I decided to register a domain, so here's my new site: www.photosbygeoff.com

Only costs $9.99/yr. at godaddy.com


----------



## TFT (Jan 2, 2009)

Looks good and professional Geoff  don't forget to fix your redeye in the pic in the guestbook before someone leaves a comment


----------



## Geoff (Jan 2, 2009)

haha, thanks, that photo was taken by one of my friends on their cell phone.  I'll try to get a better pic up soon 

By the way, the banner at the top and the whole guestbook page are just something I threw together in about 10 minutes, just so I had something.  I'm going to continue working on it for a while.


----------



## TFT (Jan 2, 2009)

You and a few others seem to have a natural inclination when it comes to viewing the best shot.
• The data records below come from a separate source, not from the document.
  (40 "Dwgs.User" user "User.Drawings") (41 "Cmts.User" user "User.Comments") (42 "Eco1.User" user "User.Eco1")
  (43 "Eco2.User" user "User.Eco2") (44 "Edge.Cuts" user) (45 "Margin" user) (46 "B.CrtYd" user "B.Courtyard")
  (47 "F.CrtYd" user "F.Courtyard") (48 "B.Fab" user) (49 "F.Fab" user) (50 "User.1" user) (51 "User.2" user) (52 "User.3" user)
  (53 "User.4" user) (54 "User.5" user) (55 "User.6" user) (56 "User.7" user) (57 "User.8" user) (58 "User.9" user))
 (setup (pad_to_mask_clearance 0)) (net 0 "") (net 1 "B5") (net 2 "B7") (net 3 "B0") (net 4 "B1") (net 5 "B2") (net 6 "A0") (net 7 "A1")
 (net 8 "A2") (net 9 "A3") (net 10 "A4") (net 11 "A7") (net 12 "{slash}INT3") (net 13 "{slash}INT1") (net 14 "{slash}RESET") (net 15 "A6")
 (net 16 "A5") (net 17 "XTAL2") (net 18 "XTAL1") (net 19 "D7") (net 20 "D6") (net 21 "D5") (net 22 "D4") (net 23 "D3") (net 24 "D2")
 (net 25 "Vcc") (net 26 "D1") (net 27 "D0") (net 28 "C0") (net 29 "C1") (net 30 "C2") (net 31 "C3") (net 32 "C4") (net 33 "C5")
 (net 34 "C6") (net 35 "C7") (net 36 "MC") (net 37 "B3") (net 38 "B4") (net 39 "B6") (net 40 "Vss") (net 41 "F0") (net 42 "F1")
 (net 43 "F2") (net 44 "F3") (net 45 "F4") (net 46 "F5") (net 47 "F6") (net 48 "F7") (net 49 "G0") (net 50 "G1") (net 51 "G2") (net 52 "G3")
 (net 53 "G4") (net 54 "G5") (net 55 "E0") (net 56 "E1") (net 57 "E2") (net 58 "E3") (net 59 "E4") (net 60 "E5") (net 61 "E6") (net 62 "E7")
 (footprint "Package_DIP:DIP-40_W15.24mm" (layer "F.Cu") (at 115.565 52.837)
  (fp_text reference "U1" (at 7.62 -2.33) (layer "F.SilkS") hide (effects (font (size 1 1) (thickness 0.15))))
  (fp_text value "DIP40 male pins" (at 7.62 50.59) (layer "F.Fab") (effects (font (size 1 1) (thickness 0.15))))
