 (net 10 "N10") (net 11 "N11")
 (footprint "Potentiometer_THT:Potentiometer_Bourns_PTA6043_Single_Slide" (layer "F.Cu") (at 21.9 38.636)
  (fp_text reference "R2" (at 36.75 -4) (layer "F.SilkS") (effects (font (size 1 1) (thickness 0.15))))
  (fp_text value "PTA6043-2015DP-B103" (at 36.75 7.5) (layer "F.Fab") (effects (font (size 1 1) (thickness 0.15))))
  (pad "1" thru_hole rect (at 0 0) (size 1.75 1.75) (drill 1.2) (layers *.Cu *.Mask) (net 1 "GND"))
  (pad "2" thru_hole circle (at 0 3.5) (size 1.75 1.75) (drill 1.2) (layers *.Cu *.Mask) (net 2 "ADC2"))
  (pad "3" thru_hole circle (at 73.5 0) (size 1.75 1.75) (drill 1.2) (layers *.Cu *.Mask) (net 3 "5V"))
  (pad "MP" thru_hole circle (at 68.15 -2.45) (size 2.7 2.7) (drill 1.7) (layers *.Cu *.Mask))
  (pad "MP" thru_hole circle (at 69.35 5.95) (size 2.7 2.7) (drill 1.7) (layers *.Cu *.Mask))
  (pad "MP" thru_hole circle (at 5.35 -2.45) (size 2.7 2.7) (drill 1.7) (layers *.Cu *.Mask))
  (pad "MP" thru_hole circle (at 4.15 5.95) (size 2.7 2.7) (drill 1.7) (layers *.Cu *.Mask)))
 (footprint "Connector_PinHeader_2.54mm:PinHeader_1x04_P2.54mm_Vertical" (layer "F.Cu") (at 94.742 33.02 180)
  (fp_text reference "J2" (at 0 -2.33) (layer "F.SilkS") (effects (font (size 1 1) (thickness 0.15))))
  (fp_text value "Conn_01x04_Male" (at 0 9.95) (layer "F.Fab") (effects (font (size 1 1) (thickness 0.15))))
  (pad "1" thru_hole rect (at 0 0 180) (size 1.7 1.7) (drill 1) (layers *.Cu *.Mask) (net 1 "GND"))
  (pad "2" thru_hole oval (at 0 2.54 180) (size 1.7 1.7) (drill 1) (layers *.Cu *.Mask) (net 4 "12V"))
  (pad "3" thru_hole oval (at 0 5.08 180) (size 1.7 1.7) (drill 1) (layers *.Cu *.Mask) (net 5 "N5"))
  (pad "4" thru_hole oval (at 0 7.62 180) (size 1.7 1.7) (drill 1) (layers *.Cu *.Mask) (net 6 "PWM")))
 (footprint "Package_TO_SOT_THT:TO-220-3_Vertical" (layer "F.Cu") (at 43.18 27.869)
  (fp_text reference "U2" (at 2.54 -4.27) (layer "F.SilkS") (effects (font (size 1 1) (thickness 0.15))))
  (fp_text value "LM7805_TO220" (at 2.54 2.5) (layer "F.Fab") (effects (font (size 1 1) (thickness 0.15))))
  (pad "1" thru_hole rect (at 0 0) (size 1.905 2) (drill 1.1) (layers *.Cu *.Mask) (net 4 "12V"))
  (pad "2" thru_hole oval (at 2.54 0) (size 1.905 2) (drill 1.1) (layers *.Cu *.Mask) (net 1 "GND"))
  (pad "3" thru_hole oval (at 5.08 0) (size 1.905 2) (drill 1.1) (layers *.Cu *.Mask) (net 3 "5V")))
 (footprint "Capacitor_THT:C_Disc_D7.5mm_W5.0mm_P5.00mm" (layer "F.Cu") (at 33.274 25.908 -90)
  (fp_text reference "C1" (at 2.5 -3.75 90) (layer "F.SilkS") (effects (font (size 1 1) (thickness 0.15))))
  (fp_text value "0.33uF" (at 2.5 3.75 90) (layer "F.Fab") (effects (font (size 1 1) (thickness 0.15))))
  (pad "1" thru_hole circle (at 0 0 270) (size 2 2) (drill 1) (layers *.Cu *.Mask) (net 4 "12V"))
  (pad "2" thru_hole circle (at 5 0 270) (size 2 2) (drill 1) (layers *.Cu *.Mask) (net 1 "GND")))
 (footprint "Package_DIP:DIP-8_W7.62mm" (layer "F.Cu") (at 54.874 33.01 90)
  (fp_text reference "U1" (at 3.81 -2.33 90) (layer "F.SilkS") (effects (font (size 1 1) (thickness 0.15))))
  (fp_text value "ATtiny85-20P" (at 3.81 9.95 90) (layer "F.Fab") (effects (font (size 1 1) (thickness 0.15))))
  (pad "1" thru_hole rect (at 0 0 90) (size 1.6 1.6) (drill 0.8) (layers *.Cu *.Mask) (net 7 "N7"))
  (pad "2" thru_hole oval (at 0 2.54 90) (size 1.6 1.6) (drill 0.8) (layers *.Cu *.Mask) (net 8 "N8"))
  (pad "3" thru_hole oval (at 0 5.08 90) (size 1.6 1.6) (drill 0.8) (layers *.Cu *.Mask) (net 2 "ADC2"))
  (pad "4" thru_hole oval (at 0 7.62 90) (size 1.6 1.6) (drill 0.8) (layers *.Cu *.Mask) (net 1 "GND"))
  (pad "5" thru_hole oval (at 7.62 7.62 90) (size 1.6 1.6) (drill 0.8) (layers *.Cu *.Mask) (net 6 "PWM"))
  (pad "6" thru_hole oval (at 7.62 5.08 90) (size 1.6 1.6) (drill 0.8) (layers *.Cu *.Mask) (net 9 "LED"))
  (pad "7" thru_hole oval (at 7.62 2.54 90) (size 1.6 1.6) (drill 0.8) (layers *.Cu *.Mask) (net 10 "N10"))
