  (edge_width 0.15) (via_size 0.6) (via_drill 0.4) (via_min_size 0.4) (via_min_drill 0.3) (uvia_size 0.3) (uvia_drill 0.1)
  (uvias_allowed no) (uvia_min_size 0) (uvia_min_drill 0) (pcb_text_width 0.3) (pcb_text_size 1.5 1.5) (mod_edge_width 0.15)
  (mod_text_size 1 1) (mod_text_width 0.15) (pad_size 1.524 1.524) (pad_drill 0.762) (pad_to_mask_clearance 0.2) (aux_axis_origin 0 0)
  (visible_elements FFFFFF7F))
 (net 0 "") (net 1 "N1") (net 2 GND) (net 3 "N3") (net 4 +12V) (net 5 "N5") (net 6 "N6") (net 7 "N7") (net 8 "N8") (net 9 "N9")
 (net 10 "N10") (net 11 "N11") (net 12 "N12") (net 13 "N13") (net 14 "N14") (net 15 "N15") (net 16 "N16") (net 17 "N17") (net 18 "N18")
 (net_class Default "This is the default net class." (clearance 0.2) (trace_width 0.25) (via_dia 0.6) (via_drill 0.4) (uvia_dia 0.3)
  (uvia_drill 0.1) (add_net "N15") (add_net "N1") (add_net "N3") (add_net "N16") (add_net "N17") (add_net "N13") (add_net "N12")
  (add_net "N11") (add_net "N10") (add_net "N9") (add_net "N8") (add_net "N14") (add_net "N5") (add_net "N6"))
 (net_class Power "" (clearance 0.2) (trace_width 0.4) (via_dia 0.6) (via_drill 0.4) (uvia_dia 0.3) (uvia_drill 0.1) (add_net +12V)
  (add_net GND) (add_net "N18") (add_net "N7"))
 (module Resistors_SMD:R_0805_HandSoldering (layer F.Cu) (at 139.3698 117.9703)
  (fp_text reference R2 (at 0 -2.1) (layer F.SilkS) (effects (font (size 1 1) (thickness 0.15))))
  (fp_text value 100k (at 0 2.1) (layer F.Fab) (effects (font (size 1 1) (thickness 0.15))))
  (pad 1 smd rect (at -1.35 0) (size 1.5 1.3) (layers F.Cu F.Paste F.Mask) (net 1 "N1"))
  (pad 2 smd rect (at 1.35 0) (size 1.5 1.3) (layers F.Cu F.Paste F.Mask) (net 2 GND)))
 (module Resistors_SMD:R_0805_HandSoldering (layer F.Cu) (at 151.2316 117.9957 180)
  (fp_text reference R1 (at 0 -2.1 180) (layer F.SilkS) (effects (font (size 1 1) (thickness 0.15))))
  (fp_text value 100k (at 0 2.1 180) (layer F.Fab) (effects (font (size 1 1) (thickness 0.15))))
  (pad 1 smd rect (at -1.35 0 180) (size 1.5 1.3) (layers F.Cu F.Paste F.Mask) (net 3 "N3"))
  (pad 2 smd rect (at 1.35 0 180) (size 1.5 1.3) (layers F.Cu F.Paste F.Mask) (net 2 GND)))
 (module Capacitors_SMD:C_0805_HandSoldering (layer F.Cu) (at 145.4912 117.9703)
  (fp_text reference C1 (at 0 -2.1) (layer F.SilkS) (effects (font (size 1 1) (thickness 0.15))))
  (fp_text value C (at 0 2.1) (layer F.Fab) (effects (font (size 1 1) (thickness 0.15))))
I realised now that no matter how good the camera is, if it's in the wrong hands then the photo will never be better than "average".
Me, I think I'm a "holiday snapper" at best, but I enjoy it.


----------



## Geoff (Jan 2, 2009)

TFT said:


> You and a few others seem to have a natural inclination when it comes to viewing the best shot. I realised now that no matter how good the camera is, if it's in the wrong hands then the photo will never be better than "average".
> Me, I think I'm a "holiday snapper" at best, but I enjoy it.


Exactly, some people have the best of the best but no skills at all and it doesn't look much better then your better then average user using a P&S camera.

BTW, I fixed the picture.


----------



## Ramodkk (Mar 14, 2009)

Here's mine 

http://www.flickr.com/photos/ramodkk/


----------



## Calibretto (Mar 14, 2009)

Is Flickr better than PhotoBucket? If so, I might switch to Flickr.


----------



## Ramodkk (Mar 14, 2009)

I have both. I see Flickr as a more professional way to share your work.


----------



## Calibretto (Mar 14, 2009)

Fair enough. Here's mine 

http://www.flickr.com/photos/cra1gll0yd/


----------



## Ramodkk (Mar 14, 2009)

Again, very nice pictures man! 

Love the scenes


----------